Following is an excerpt from Jeffrey M. Lee - Manifolds and Differential Geometry. On page 538 it states if $e_i$ is a frame field of a vector bundle $E\rightarrow M$ on $U\subset M$, then locally, for $\omega \in \Omega^k(M,E)$ we may write $$ \omega = \sum e_i \otimes \omega^i, $$ where $\omega^i \in \Omega^k(M)$.
My assertion is that $\omega^i$ are only defined on $U$ i.e. $\omega^i \in \Omega^k(U) $. General element of $\Omega^k(M,E)$ is of the form $ \sum \alpha_j \otimes\beta^j$ for $\alpha_j \in \Gamma(E)$ and $\beta_j \in \Omega^k(M)$. So far everything is globally defined.

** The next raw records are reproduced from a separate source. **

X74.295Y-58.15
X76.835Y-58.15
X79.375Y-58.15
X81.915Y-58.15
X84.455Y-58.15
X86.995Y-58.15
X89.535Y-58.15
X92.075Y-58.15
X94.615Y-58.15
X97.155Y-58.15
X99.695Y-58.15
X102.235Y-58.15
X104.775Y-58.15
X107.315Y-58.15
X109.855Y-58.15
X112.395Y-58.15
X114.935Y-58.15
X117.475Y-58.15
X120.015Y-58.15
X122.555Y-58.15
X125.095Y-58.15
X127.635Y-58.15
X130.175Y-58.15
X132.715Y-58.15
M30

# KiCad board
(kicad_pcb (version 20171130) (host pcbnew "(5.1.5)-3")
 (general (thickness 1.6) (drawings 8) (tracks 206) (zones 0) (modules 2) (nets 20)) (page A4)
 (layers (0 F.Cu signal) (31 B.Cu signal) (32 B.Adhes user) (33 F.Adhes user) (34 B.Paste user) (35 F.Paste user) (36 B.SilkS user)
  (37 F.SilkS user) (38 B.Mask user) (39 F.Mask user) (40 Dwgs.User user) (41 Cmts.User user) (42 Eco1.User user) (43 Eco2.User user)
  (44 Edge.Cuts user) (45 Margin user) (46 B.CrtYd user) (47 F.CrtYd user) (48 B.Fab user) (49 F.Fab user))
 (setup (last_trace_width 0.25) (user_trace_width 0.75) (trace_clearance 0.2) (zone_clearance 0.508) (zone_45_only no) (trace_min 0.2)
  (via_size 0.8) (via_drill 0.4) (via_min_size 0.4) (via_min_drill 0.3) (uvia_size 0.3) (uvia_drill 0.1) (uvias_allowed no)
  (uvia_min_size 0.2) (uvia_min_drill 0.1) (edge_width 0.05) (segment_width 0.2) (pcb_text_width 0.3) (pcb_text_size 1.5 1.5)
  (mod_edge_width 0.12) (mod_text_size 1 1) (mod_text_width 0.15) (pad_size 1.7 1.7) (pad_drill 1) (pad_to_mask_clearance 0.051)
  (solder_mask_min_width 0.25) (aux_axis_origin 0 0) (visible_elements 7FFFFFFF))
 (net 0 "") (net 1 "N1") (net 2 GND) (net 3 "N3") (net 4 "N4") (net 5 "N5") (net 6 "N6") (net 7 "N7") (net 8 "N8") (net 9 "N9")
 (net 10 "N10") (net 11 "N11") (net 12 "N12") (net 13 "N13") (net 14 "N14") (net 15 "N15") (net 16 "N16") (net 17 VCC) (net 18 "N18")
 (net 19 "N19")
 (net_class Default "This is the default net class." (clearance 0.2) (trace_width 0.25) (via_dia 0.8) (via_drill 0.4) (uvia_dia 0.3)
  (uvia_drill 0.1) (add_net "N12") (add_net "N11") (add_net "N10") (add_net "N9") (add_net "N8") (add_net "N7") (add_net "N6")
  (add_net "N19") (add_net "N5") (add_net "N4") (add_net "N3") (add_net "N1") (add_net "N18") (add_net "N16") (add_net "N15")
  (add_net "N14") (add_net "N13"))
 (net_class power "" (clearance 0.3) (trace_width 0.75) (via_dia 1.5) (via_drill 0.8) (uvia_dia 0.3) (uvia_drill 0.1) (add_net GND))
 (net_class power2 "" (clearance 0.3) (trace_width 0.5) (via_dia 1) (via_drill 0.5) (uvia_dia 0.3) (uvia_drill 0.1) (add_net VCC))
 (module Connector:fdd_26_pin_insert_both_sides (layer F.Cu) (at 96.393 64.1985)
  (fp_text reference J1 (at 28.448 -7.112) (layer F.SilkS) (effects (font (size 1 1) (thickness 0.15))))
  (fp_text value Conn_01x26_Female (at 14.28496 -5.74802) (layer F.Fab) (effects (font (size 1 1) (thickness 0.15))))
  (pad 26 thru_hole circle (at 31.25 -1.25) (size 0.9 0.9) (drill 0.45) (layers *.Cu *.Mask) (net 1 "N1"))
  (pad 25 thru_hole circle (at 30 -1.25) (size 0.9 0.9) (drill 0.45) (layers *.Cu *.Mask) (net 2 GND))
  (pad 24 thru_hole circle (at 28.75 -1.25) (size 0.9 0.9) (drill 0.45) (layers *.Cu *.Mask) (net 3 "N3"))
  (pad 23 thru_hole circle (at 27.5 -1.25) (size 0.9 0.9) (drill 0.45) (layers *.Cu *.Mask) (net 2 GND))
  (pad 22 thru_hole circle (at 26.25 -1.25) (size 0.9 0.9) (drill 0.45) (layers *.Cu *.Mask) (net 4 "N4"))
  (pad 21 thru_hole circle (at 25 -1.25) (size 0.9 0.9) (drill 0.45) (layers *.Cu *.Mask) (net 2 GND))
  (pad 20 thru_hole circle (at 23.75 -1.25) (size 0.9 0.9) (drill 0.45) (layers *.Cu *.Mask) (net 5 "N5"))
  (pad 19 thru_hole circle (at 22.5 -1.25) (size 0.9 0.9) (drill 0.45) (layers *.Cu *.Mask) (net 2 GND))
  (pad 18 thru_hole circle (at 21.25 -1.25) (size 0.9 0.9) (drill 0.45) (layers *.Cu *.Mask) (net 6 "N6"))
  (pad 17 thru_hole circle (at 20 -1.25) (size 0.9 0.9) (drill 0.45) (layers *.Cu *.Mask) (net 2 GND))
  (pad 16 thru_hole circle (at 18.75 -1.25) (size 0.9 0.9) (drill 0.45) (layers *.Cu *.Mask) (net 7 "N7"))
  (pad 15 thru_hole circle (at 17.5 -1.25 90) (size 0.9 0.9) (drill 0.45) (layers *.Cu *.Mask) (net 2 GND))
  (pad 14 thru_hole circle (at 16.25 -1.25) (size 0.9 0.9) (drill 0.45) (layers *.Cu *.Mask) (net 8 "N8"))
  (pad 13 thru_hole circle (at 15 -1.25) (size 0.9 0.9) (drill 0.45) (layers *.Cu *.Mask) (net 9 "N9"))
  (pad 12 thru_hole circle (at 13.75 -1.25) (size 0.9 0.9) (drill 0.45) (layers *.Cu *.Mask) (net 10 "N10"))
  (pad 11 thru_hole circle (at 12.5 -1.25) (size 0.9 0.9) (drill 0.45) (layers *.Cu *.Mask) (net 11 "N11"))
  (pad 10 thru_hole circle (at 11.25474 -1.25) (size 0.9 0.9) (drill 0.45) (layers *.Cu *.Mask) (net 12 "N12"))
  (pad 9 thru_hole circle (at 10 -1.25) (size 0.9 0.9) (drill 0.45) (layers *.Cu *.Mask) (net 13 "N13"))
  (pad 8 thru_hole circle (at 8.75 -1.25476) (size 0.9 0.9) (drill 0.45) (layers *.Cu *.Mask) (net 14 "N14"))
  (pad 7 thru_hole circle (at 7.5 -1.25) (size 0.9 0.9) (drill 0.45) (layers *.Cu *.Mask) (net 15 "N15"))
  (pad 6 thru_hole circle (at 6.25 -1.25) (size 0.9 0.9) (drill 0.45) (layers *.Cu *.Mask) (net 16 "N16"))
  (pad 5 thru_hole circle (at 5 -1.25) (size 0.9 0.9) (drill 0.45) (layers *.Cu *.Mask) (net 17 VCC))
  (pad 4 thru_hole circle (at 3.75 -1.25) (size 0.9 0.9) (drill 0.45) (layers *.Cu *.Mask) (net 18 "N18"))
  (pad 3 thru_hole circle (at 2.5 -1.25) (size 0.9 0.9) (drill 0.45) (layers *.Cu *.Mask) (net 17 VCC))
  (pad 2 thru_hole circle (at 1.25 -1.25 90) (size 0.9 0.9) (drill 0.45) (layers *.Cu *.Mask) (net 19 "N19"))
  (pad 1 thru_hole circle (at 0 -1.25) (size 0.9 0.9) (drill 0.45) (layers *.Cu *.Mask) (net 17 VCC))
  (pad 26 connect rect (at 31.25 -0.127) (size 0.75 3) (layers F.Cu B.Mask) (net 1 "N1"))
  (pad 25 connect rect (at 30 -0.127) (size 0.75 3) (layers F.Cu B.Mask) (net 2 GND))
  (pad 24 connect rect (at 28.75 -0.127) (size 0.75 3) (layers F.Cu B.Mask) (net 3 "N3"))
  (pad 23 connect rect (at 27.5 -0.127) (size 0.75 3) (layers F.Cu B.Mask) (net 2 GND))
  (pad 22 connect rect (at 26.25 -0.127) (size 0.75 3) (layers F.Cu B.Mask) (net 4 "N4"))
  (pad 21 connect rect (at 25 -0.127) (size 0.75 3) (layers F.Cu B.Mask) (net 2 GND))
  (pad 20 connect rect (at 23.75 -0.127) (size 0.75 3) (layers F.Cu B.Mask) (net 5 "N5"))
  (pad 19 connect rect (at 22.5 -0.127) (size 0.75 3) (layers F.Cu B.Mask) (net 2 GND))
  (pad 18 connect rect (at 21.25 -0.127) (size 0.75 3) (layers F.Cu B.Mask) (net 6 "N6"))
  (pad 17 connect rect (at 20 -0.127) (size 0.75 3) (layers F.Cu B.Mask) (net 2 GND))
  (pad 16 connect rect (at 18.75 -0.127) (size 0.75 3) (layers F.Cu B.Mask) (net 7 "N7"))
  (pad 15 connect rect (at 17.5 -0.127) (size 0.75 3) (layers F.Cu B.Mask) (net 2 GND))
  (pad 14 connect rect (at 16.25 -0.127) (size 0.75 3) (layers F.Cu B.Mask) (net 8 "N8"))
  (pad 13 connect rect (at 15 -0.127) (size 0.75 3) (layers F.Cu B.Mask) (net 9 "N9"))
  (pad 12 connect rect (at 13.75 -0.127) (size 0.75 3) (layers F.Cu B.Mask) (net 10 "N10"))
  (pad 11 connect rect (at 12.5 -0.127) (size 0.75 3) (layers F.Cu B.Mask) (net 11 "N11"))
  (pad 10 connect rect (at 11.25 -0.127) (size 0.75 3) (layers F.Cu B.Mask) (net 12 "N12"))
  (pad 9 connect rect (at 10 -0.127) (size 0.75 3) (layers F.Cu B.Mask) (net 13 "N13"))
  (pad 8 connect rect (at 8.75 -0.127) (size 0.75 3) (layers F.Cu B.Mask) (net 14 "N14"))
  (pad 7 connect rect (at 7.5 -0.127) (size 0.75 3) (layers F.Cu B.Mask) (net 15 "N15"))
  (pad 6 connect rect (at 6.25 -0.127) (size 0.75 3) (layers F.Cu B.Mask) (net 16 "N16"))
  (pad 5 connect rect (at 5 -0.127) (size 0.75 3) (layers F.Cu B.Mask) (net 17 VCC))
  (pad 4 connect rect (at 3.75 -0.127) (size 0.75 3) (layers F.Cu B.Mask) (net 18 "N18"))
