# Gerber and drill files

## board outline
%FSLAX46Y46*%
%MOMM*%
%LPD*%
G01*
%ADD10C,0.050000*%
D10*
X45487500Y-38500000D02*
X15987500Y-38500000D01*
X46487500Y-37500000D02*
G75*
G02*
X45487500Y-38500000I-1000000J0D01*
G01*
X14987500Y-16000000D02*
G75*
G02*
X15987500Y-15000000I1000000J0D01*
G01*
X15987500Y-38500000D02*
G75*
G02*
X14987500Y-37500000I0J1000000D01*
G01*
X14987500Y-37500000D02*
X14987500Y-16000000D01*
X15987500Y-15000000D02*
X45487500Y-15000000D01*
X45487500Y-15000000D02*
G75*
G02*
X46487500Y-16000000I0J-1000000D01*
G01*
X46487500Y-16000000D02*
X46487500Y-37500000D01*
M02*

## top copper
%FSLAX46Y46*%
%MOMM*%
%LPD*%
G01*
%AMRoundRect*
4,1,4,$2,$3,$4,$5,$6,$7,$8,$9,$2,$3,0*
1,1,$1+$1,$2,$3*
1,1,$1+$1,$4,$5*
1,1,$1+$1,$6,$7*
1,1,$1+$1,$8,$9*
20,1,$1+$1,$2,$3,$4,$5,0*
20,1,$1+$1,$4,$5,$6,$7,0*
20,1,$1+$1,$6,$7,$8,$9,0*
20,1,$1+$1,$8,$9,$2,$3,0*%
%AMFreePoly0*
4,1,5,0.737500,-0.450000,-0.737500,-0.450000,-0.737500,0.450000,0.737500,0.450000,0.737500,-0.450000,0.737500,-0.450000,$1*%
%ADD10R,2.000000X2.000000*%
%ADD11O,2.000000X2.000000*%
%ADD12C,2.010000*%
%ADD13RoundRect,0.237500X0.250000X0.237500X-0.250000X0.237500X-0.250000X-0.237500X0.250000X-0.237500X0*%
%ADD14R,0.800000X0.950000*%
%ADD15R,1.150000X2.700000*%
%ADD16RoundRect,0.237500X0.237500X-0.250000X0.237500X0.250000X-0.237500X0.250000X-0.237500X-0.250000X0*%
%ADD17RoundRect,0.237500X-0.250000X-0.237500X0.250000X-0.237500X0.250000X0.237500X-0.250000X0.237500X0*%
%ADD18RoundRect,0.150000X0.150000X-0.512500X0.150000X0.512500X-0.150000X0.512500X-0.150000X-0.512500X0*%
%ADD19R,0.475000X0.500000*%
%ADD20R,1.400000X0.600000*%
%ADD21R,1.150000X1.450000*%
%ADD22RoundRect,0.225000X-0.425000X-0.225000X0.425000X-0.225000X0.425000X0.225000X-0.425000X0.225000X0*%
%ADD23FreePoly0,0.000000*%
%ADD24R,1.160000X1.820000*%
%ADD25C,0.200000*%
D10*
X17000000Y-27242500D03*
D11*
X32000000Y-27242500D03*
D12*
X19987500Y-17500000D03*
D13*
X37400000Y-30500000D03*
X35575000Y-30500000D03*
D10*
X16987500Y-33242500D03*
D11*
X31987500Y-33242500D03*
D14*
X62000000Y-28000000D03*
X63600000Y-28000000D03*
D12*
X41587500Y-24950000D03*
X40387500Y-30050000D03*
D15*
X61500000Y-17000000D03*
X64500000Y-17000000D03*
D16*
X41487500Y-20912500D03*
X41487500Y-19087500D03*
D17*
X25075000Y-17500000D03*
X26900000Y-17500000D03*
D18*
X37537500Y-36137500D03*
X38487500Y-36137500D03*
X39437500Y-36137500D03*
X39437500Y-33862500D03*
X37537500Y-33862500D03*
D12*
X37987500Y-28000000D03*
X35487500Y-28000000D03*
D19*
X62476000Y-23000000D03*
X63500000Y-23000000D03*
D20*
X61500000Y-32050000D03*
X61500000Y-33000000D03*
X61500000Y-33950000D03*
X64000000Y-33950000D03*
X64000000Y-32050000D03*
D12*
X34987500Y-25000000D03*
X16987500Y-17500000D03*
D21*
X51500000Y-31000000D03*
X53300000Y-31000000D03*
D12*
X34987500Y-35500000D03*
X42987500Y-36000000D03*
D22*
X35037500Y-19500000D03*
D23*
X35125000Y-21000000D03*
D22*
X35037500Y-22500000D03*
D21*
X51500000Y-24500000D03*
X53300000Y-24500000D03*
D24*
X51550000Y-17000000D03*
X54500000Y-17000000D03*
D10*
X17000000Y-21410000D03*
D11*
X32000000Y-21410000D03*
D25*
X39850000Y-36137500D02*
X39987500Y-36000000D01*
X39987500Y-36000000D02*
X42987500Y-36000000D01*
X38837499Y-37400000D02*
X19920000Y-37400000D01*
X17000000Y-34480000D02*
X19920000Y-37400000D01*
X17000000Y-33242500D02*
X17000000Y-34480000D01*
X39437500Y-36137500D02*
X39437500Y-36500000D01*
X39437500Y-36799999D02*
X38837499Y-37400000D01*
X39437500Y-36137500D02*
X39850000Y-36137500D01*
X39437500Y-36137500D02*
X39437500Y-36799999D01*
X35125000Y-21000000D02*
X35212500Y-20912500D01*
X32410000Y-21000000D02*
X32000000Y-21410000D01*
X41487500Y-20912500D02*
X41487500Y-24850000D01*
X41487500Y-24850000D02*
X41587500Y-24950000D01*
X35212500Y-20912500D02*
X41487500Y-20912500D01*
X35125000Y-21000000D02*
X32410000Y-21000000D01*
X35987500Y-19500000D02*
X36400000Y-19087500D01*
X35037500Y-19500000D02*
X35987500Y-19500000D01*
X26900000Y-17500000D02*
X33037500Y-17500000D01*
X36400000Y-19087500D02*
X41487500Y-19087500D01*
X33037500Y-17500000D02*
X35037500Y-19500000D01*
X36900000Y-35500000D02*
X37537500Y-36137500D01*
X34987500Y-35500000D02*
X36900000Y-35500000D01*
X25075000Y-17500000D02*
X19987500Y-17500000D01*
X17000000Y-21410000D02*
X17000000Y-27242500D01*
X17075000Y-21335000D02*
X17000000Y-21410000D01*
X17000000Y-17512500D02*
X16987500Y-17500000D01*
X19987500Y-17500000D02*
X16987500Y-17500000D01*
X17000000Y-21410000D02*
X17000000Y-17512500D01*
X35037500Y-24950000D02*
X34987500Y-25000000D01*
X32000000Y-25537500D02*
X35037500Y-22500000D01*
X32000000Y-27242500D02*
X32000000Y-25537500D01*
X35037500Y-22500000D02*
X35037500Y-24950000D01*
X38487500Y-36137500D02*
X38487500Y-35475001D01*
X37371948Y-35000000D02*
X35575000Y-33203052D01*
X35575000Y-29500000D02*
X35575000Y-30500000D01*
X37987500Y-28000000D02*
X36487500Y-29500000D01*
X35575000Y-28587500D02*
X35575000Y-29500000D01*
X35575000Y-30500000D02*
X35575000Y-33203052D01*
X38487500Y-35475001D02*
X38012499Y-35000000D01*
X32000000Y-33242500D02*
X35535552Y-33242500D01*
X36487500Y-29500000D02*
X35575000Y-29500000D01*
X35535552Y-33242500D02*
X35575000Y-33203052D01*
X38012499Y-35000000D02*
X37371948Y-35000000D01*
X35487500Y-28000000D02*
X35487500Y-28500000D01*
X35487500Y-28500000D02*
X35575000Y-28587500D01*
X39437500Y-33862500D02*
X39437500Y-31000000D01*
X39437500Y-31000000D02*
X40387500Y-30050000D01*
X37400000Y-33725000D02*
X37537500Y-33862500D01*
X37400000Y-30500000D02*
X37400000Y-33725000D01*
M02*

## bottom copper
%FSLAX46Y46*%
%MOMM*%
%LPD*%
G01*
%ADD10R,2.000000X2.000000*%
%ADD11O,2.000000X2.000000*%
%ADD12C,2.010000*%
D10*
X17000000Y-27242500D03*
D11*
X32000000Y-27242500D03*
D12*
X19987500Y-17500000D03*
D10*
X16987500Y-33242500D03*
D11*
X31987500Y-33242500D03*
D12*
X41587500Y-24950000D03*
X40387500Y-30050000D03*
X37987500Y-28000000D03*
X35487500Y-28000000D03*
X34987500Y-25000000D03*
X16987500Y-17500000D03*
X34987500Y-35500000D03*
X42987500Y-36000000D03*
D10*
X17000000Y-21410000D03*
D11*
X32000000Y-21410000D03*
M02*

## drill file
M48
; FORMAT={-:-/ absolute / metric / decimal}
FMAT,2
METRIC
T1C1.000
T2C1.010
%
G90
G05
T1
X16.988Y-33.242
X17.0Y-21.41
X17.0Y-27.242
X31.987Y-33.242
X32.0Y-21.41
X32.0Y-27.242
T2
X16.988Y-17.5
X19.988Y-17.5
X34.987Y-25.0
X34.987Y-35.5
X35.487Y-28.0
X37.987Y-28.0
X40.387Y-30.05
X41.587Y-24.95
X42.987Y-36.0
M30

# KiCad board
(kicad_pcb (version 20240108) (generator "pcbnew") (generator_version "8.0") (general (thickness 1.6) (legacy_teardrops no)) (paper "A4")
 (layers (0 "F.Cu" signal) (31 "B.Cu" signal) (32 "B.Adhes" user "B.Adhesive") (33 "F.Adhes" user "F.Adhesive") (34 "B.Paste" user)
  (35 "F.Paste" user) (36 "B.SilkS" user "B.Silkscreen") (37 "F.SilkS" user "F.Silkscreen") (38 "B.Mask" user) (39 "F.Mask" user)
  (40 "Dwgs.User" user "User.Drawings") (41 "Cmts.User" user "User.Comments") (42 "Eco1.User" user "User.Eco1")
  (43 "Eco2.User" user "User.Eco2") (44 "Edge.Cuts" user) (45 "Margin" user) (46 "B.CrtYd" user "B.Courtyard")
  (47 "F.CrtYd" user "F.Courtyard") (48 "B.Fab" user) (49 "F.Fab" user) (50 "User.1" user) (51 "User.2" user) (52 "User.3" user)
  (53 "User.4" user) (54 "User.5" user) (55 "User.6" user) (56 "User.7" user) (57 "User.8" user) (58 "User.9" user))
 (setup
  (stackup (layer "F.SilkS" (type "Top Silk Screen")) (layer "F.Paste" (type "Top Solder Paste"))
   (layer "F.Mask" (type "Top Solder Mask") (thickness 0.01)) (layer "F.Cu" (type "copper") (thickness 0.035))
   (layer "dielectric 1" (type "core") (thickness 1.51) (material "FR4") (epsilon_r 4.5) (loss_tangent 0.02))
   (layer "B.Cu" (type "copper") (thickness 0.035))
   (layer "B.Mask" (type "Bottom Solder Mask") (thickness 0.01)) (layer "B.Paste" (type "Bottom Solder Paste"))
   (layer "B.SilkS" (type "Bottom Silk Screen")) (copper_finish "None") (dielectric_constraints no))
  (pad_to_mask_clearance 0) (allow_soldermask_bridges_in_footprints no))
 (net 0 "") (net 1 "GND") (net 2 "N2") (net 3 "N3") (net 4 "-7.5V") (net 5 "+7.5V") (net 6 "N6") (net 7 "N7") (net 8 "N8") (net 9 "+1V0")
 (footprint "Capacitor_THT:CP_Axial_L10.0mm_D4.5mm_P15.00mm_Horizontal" (layer "F.Cu") (at 17 27.2425)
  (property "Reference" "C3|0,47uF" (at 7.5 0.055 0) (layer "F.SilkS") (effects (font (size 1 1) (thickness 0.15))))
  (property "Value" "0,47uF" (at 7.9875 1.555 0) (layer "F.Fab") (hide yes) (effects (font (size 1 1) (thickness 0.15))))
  (pad "2" thru_hole rect (at 0 0) (size 2 2) (drill 1) (layers "*.Cu" "*.Mask") (remove_unused_layers no) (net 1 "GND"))
  (pad "2" thru_hole oval (at 15 0) (size 2 2) (drill 1) (layers "*.Cu" "*.Mask") (remove_unused_layers no) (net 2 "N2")))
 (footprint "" (layer "F.Cu") (at 19.9875 17.5)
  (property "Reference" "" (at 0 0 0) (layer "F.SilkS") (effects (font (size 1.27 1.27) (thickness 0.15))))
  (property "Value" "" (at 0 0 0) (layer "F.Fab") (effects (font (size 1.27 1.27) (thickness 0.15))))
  (pad "4" thru_hole circle (at 0 0 270) (size 2.01 2.01) (drill 1.01) (layers "*.Cu" "*.Mask") (remove_unused_layers no) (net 1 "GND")))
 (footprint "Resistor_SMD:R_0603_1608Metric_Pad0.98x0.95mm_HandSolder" (layer "F.Cu") (at 36.4875 30.5 180)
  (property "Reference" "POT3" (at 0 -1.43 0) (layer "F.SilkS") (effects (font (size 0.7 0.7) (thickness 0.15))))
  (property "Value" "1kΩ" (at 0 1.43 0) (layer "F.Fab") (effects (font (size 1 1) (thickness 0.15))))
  (pad "1" smd roundrect (at -0.9125 0 180) (size 0.975 0.95) (layers "F.Cu" "F.Paste" "F.Mask") (roundrect_rratio 0.25) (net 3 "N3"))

Now rewriting $\alpha_j$ in terms of local frame: $$ \alpha_j = \sum_i f^i_j e_i,$$ where $f^i_j$ smooth functions on $U$. Bringing everything together to one side $$ \sum \alpha_j \otimes\beta^j = \sum_{i,j} e_i \otimes f^i_j\beta^j. $$ Setting $\omega^i:= \sum f^i_j\beta_j$ has the form as in the book, but it is only well defined on $U$.
How do I arrive to conclusion?